#### [Problem]
Every record must be retyped as it stands.

#### [Data records]
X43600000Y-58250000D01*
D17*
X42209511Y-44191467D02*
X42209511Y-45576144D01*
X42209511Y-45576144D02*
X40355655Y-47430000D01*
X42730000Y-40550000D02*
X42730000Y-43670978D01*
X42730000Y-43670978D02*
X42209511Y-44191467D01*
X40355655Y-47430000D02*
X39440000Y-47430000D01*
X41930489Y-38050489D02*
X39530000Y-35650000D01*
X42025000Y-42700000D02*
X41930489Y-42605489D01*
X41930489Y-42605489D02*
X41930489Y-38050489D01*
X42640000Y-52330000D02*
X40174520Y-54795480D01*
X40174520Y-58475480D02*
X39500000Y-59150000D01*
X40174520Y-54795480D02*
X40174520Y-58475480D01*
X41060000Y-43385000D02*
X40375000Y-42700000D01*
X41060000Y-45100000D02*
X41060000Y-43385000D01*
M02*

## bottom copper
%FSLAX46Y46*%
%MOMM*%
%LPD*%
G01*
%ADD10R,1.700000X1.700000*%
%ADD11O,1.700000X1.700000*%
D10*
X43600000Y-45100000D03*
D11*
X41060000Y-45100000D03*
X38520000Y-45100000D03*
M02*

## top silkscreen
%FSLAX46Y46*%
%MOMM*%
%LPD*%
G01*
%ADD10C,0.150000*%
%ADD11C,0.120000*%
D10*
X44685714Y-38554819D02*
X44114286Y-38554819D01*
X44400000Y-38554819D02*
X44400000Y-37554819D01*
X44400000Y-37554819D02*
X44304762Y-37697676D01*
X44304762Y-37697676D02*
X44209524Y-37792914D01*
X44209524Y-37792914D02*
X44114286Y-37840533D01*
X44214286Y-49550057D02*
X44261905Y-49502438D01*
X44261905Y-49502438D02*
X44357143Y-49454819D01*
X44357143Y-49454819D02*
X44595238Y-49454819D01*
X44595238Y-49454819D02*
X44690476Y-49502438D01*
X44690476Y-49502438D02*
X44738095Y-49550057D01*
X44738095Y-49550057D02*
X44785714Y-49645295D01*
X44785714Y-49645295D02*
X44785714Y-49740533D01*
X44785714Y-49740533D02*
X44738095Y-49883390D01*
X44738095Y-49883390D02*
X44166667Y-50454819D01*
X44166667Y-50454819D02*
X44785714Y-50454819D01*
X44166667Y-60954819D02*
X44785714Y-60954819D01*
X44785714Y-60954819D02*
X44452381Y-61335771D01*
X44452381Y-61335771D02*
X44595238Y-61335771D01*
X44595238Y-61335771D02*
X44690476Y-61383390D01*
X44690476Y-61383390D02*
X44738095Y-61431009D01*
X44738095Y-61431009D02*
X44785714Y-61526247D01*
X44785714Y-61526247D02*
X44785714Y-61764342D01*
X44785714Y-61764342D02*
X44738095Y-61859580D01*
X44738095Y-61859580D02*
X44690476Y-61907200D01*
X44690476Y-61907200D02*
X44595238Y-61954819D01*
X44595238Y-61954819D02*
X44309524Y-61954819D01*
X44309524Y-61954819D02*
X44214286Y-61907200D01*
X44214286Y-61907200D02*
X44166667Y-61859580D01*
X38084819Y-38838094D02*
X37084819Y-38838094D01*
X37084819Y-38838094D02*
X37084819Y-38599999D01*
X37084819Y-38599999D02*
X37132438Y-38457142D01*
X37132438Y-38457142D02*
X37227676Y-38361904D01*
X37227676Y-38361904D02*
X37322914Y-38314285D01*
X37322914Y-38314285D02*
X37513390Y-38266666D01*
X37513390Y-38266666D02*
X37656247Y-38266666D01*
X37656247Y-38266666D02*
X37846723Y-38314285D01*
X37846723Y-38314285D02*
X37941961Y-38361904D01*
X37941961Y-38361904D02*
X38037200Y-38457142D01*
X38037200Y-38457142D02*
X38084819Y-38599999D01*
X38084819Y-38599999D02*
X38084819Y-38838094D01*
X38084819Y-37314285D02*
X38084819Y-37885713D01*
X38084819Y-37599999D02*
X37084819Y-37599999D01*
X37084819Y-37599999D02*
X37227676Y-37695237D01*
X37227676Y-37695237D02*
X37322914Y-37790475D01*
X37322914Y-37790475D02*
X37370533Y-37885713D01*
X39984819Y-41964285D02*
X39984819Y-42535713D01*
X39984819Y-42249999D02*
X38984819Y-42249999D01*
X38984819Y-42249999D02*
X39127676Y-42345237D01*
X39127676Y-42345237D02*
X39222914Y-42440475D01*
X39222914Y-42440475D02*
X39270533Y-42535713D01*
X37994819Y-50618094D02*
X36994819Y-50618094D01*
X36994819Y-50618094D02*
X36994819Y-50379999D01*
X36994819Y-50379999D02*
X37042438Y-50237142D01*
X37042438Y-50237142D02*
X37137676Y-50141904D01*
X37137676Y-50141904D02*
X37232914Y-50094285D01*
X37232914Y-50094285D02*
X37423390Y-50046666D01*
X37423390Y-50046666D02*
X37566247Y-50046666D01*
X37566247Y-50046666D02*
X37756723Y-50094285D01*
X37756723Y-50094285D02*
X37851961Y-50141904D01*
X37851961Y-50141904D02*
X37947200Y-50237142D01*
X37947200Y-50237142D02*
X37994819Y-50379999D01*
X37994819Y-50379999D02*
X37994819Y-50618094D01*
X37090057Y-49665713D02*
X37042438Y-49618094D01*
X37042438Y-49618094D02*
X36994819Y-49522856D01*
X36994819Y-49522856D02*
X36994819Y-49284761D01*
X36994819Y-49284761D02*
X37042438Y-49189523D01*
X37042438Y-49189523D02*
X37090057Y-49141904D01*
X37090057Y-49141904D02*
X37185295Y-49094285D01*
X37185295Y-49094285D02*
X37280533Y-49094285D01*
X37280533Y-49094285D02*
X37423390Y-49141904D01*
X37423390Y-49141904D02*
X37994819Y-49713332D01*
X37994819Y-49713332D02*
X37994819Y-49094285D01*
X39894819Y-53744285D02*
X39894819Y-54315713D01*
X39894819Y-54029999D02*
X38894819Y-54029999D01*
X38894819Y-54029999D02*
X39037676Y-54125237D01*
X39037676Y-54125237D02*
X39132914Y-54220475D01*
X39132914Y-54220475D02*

#### [Result below]
X43600000Y-58250000D01*
D17*
X42209511Y-44191467D02*
X42209511Y-45576144D01*
X42209511Y-45576144D02*
X40355655Y-47430000D01*
X42730000Y-40550000D02*
X42730000Y-43670978D01*
X42730000Y-43670978D02*
X42209511Y-44191467D01*
X40355655Y-47430000D02*
X39440000Y-47430000D01*
X41930489Y-38050489D02*
X39530000Y-35650000D01*
X42025000Y-42700000D02*
X41930489Y-42605489D01*
X41930489Y-42605489D02*
X41930489Y-38050489D01*
X42640000Y-52330000D02*
X40174520Y-54795480D01*
X40174520Y-58475480D02*
X39500000Y-59150000D01*
X40174520Y-54795480D02*
X40174520Y-58475480D01*
X41060000Y-43385000D02*
X40375000Y-42700000D01*
X41060000Y-45100000D02*
X41060000Y-43385000D01*
M02*

## bottom copper
%FSLAX46Y46*%
%MOMM*%
%LPD*%
G01*
%ADD10R,1.700000X1.700000*%
%ADD11O,1.700000X1.700000*%
D10*
X43600000Y-45100000D03*
D11*
X41060000Y-45100000D03*
X38520000Y-45100000D03*
M02*

## top silkscreen
%FSLAX46Y46*%
%MOMM*%
%LPD*%
G01*
%ADD10C,0.150000*%
%ADD11C,0.120000*%
D10*
X44685714Y-38554819D02*
X44114286Y-38554819D01*
X44400000Y-38554819D02*
X44400000Y-37554819D01*
X44400000Y-37554819D02*
X44304762Y-37697676D01*
X44304762Y-37697676D02*
X44209524Y-37792914D01*
X44209524Y-37792914D02*
X44114286Y-37840533D01*
X44214286Y-49550057D02*
X44261905Y-49502438D01*
X44261905Y-49502438D02*
X44357143Y-49454819D01*
X44357143Y-49454819D02*
X44595238Y-49454819D01*
X44595238Y-49454819D02*
X44690476Y-49502438D01*
X44690476Y-49502438D02*
X44738095Y-49550057D01*
X44738095Y-49550057D02*
X44785714Y-49645295D01*
X44785714Y-49645295D02*
X44785714Y-49740533D01*
X44785714Y-49740533D02*
X44738095Y-49883390D01*
X44738095Y-49883390D02*
X44166667Y-50454819D01*
X44166667Y-50454819D02*
X44785714Y-50454819D01*
X44166667Y-60954819D02*
X44785714Y-60954819D01*
X44785714Y-60954819D02*
X44452381Y-61335771D01*
X44452381Y-61335771D02*
X44595238Y-61335771D01*
X44595238Y-61335771D02*
X44690476Y-61383390D01*
X44690476Y-61383390D02*
X44738095Y-61431009D01*
X44738095Y-61431009D02*
X44785714Y-61526247D01*
X44785714Y-61526247D02*
X44785714Y-61764342D01*
X44785714Y-61764342D02*
X44738095Y-61859580D01*
X44738095Y-61859580D02*
X44690476Y-61907200D01*
X44690476Y-61907200D02*
X44595238Y-61954819D01*
X44595238Y-61954819D02*
X44309524Y-61954819D01*
X44309524Y-61954819D02*
X44214286Y-61907200D01*
X44214286Y-61907200D02*
X44166667Y-61859580D01*
X38084819Y-38838094D02*
X37084819Y-38838094D01*
X37084819Y-38838094D02*
X37084819Y-38599999D01*
X37084819Y-38599999D02*
X37132438Y-38457142D01*
X37132438Y-38457142D02*
X37227676Y-38361904D01*
X37227676Y-38361904D02*
X37322914Y-38314285D01*
X37322914Y-38314285D02*
X37513390Y-38266666D01*
X37513390Y-38266666D02*
X37656247Y-38266666D01*
X37656247Y-38266666D02*
X37846723Y-38314285D01*
X37846723Y-38314285D02*
X37941961Y-38361904D01*
X37941961Y-38361904D02*
X38037200Y-38457142D01*
X38037200Y-38457142D02*
X38084819Y-38599999D01*
X38084819Y-38599999D02*
X38084819Y-38838094D01*
X38084819Y-37314285D02*
X38084819Y-37885713D01*
X38084819Y-37599999D02*
X37084819Y-37599999D01*
X37084819Y-37599999D02*
X37227676Y-37695237D01*
X37227676Y-37695237D02*
X37322914Y-37790475D01*
X37322914Y-37790475D02*
X37370533Y-37885713D01*
X39984819Y-41964285D02*
X39984819Y-42535713D01*
X39984819Y-42249999D02*
X38984819Y-42249999D01*
X38984819Y-42249999D02*
X39127676Y-42345237D01*
X39127676Y-42345237D02*
X39222914Y-42440475D01*
X39222914Y-42440475D02*
X39270533Y-42535713D01*
X37994819Y-50618094D02*
X36994819Y-50618094D01*
X36994819Y-50618094D02*
X36994819Y-50379999D01*
X36994819Y-50379999D02*
X37042438Y-50237142D01*
X37042438Y-50237142D02*
X37137676Y-50141904D01*
X37137676Y-50141904D02*
X37232914Y-50094285D01*
X37232914Y-50094285D02*
X37423390Y-50046666D01*
X37423390Y-50046666D02*
X37566247Y-50046666D01*
X37566247Y-50046666D02*
X37756723Y-50094285D01*
X37756723Y-50094285D02*
X37851961Y-50141904D01*
X37851961Y-50141904D02*
X37947200Y-50237142D01*
X37947200Y-50237142D02*
X37994819Y-50379999D01*
X37994819Y-50379999D02*
X37994819Y-50618094D01*
X37090057Y-49665713D02*
X37042438Y-49618094D01*
X37042438Y-49618094D02*
X36994819Y-49522856D01*
X36994819Y-49522856D02*
X36994819Y-49284761D01*
X36994819Y-49284761D02*
X37042438Y-49189523D01*
X37042438Y-49189523D02*
X37090057Y-49141904D01*
X37090057Y-49141904D02*
X37185295Y-49094285D01*
X37185295Y-49094285D02*
X37280533Y-49094285D01*
X37280533Y-49094285D02*
X37423390Y-49141904D01*
X37423390Y-49141904D02*
X37994819Y-49713332D01*
X37994819Y-49713332D02*
X37994819Y-49094285D01*
X39894819Y-53744285D02*
X39894819Y-54315713D01*
X39894819Y-54029999D02*
X38894819Y-54029999D01*
X38894819Y-54029999D02*
X39037676Y-54125237D01*
X39037676Y-54125237D02*
X39132914Y-54220475D01*
X39132914Y-54220475D02*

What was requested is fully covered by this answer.